From the listing below, output only the lines starting at the line that has "X130.008Y-85.293" and ending at the line that has "X141.05Y-99.36", exactly as they appear, ends included.
- - -
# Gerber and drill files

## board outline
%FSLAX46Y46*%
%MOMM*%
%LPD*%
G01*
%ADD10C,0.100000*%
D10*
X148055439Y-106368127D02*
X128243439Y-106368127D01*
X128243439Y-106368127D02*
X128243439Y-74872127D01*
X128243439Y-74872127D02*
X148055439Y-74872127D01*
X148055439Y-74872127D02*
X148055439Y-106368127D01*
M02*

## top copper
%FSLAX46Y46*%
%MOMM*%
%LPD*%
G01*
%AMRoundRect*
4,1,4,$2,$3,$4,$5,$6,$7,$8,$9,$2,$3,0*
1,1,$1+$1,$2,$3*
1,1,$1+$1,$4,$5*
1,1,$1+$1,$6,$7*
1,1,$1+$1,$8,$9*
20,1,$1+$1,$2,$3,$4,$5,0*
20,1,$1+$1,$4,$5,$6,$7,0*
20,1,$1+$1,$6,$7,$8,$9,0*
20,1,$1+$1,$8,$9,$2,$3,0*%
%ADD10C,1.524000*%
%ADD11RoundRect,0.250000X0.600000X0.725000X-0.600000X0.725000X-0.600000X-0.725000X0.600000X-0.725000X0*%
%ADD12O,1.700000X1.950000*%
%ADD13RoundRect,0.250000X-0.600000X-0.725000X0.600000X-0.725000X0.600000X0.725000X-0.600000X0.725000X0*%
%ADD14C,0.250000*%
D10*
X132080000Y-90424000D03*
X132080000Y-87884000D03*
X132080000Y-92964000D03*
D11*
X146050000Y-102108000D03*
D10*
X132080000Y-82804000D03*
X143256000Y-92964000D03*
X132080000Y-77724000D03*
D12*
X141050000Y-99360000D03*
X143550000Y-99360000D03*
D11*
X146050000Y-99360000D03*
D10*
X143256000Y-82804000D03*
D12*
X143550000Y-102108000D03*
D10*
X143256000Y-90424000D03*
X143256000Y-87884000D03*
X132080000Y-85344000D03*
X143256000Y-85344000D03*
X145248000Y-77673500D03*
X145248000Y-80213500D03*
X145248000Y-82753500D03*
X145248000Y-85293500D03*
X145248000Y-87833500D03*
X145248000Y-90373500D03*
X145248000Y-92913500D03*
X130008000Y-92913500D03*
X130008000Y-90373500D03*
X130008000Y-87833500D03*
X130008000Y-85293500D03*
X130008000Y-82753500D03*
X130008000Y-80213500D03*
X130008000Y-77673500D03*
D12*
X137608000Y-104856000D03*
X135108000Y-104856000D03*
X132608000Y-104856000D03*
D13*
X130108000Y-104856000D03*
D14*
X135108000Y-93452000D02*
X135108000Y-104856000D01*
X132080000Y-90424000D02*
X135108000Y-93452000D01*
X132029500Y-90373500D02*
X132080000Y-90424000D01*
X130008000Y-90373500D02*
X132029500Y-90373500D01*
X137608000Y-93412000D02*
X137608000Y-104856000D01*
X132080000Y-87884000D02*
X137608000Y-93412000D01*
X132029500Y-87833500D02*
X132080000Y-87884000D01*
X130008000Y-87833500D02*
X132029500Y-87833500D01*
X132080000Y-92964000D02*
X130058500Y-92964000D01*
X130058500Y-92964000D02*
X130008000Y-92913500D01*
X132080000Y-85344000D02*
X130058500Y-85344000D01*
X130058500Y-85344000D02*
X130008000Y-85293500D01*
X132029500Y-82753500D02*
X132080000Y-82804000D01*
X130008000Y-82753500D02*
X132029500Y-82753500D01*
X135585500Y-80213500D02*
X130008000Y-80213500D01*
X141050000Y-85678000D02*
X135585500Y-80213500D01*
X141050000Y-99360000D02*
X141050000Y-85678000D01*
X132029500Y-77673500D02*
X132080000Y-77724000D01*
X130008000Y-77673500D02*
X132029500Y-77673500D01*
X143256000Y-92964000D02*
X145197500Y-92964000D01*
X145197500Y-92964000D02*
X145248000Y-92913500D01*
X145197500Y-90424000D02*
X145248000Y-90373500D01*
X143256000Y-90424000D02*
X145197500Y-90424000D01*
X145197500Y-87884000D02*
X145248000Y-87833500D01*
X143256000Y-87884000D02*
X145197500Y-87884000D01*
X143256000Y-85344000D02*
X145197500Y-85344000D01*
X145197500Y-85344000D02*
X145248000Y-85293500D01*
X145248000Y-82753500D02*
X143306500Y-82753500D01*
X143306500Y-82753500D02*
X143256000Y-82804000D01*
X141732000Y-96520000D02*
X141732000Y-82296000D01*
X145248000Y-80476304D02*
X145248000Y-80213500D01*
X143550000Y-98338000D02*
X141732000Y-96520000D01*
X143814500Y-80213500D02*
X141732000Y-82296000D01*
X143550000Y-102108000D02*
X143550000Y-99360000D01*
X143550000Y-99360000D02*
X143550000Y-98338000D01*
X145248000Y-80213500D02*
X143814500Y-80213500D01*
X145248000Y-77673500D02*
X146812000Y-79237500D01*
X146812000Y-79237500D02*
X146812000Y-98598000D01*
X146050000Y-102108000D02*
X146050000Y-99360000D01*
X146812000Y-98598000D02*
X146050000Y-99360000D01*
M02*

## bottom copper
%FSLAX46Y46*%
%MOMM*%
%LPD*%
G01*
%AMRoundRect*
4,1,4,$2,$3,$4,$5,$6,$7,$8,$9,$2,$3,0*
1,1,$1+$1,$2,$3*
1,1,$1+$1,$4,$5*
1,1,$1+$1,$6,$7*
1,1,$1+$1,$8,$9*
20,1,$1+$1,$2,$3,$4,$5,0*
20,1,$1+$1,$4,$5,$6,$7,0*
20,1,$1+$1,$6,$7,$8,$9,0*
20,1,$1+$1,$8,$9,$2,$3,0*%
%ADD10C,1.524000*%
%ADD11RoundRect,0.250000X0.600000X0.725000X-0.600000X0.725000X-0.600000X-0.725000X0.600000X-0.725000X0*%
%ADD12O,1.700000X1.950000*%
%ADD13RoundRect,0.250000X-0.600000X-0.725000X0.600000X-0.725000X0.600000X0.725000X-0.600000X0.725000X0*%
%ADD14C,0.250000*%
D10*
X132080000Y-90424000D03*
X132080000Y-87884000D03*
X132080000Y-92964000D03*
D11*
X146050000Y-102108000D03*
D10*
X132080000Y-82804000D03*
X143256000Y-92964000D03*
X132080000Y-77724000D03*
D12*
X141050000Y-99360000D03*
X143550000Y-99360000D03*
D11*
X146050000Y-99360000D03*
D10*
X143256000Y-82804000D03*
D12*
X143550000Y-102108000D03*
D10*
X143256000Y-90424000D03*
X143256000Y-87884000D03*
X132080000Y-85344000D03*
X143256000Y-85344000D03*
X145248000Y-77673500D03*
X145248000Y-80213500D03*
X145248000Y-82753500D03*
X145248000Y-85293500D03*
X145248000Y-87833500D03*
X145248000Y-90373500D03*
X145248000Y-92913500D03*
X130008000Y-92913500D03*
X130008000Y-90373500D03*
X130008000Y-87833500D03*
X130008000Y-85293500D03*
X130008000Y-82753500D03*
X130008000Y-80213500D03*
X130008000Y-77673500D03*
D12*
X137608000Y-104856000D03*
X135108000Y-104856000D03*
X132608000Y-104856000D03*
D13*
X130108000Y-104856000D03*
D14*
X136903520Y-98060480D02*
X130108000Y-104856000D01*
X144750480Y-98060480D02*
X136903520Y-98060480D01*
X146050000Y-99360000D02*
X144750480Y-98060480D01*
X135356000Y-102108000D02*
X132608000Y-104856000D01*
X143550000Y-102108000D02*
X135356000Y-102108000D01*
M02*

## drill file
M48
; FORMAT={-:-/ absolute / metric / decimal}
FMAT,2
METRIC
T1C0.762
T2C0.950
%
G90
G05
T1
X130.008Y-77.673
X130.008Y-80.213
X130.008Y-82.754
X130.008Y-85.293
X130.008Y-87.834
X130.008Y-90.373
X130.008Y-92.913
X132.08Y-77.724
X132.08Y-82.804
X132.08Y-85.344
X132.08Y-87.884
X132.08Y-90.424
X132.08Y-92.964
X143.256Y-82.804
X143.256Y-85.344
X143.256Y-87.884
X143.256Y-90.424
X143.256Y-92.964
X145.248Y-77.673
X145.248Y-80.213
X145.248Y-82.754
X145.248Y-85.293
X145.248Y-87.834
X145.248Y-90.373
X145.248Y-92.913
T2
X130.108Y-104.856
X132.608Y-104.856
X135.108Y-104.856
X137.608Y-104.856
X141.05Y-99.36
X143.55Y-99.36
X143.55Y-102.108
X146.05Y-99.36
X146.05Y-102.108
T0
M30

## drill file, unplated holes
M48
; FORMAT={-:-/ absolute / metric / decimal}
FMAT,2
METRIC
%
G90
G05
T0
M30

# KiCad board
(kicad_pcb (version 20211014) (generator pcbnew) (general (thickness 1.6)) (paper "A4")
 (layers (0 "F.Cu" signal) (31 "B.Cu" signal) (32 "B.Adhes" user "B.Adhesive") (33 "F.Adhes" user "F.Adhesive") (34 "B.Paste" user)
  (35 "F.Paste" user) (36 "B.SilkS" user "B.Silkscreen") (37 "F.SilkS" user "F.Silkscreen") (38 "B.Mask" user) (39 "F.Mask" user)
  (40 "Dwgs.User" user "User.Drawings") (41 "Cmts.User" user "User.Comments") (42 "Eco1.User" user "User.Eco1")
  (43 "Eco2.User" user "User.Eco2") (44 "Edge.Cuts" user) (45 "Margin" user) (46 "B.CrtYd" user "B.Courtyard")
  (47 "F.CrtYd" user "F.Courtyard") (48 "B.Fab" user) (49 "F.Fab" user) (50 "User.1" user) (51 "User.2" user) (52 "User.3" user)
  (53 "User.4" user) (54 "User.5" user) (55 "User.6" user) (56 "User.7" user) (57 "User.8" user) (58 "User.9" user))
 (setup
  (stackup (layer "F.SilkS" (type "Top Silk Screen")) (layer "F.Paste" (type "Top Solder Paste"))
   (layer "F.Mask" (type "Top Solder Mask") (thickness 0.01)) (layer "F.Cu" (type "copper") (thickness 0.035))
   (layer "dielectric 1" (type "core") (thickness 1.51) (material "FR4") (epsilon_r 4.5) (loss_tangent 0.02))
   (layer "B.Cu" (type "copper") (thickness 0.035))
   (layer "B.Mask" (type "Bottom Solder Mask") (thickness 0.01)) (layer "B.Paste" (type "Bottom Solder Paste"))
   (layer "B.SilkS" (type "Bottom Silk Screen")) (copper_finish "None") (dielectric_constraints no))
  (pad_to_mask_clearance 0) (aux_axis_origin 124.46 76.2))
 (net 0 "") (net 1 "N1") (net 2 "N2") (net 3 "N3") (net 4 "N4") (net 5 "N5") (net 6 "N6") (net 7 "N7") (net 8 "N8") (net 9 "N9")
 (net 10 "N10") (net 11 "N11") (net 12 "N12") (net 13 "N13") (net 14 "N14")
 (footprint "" (layer "F.Cu") (at 132.08 92.964)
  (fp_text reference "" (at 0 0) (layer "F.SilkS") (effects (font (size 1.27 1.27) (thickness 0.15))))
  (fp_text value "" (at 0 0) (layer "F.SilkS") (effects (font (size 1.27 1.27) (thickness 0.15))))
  (pad "7" thru_hole circle (at 0 0) (size 1.524 1.524) (drill 0.762) (layers *.Cu *.Mask) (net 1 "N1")))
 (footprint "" (layer "F.Cu") (at 146.05 102.108)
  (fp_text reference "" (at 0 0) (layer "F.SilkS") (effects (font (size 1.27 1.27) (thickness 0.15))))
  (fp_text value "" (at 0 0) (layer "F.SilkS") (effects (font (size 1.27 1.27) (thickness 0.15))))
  (pad "1" thru_hole roundrect (at 0 0 180) (size 1.7 1.95) (drill 0.95) (layers *.Cu *.Mask) (roundrect_rratio 0.1470588235) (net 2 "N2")))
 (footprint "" (layer "F.Cu") (at 132.08 82.804)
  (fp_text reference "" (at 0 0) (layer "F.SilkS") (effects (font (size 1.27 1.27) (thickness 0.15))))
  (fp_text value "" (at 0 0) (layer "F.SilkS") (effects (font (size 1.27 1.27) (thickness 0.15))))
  (pad "3" thru_hole circle (at 0 0) (size 1.524 1.524) (drill 0.762) (layers *.Cu *.Mask) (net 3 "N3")))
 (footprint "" (layer "F.Cu") (at 143.256 92.964)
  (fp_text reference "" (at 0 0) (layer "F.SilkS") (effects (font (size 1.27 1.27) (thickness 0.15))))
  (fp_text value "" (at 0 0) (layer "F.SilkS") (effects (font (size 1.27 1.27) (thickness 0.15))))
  (pad "8" thru_hole circle (at 0 0) (size 1.524 1.524) (drill 0.762) (layers *.Cu *.Mask) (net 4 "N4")))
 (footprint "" (layer "F.Cu") (at 132.08 87.884)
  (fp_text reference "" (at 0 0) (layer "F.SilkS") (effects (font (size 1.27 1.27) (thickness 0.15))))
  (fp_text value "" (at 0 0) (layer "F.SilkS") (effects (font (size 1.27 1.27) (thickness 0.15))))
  (pad "5" thru_hole circle (at 0 0) (size 1.524 1.524) (drill 0.762) (layers *.Cu *.Mask) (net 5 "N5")))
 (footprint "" (layer "F.Cu") (at 132.08 77.724)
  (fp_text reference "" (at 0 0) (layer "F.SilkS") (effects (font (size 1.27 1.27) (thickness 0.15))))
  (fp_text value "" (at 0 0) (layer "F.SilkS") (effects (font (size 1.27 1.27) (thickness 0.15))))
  (pad "1" thru_hole circle (at 0 0) (size 1.524 1.524) (drill 0.762) (layers *.Cu *.Mask) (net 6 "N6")))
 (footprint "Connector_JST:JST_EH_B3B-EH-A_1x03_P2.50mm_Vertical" (layer "F.Cu") (at 146.05 99.36 180)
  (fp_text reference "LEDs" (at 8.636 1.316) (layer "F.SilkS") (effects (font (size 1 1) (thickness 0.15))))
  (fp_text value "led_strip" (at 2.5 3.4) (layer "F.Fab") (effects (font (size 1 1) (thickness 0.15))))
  (pad "1" thru_hole roundrect (at 0 0 180) (size 1.7 1.95) (drill 0.95) (layers *.Cu *.Mask) (roundrect_rratio 0.1470588235) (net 2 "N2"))
  (pad "2" thru_hole oval (at 2.5 0 180) (size 1.7 1.95) (drill 0.95) (layers *.Cu *.Mask) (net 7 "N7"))
  (pad "3" thru_hole oval (at 5 0 180) (size 1.7 1.95) (drill 0.95) (layers *.Cu *.Mask) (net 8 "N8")))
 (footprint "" (layer "F.Cu") (at 143.256 82.804)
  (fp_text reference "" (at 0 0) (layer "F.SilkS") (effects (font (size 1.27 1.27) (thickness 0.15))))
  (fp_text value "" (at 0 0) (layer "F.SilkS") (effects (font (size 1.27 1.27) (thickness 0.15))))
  (pad "12" thru_hole circle (at 0 0) (size 1.524 1.524) (drill 0.762) (layers *.Cu *.Mask) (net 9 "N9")))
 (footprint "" (layer "F.Cu") (at 143.55 102.108)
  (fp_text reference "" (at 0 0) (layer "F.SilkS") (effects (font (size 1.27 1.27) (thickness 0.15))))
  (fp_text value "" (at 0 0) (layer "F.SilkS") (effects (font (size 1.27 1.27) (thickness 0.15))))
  (pad "2" thru_hole oval (at 0 0 180) (size 1.7 1.95) (drill 0.95) (layers *.Cu *.Mask) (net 7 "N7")))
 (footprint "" (layer "F.Cu") (at 143.256 90.424)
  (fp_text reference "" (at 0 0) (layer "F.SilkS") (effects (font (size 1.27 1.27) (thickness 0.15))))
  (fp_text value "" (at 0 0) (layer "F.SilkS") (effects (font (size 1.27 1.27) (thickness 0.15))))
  (pad "9" thru_hole circle (at 0 0) (size 1.524 1.524) (drill 0.762) (layers *.Cu *.Mask) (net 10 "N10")))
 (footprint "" (layer "F.Cu") (at 143.256 87.884)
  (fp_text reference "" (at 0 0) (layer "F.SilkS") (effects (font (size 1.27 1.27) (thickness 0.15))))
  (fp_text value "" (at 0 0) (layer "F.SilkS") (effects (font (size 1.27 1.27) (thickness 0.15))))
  (pad "10" thru_hole circle (at 0 0) (size 1.524 1.524) (drill 0.762) (layers *.Cu *.Mask) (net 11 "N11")))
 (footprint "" (layer "F.Cu") (at 132.08 90.424)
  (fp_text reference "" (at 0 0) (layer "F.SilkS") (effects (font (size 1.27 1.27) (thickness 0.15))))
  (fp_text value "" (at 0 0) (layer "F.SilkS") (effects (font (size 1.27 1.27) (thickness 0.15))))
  (pad "6" thru_hole circle (at 0 0) (size 1.524 1.524) (drill 0.762) (layers *.Cu *.Mask) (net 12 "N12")))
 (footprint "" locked (layer "F.Cu") (at 132.08 85.344)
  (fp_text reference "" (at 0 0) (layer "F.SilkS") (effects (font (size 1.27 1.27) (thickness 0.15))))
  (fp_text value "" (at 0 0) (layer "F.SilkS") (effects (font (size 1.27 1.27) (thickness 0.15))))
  (pad "4" thru_hole circle locked (at 0 0) (size 1.524 1.524) (drill 0.762) (layers *.Cu *.Mask) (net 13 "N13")))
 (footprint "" (layer "F.Cu") (at 143.256 85.344)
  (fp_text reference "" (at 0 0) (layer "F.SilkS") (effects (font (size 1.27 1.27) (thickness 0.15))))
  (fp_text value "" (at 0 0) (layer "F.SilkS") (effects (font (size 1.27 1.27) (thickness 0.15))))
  (pad "11" thru_hole circle (at 0 0) (size 1.524 1.524) (drill 0.762) (layers *.Cu *.Mask) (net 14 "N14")))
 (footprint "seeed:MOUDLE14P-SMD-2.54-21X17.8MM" (layer "F.Cu") (at 130.008 95.7935)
- - -
YOUR RESPONSE:
X130.008Y-85.293
X130.008Y-87.834
X130.008Y-90.373
X130.008Y-92.913
X132.08Y-77.724
X132.08Y-82.804
X132.08Y-85.344
X132.08Y-87.884
X132.08Y-90.424
X132.08Y-92.964
X143.256Y-82.804
X143.256Y-85.344
X143.256Y-87.884
X143.256Y-90.424
X143.256Y-92.964
X145.248Y-77.673
X145.248Y-80.213
X145.248Y-82.754
X145.248Y-85.293
X145.248Y-87.834
X145.248Y-90.373
X145.248Y-92.913
T2
X130.108Y-104.856
X132.608Y-104.856
X135.108Y-104.856
X137.608Y-104.856
X141.05Y-99.36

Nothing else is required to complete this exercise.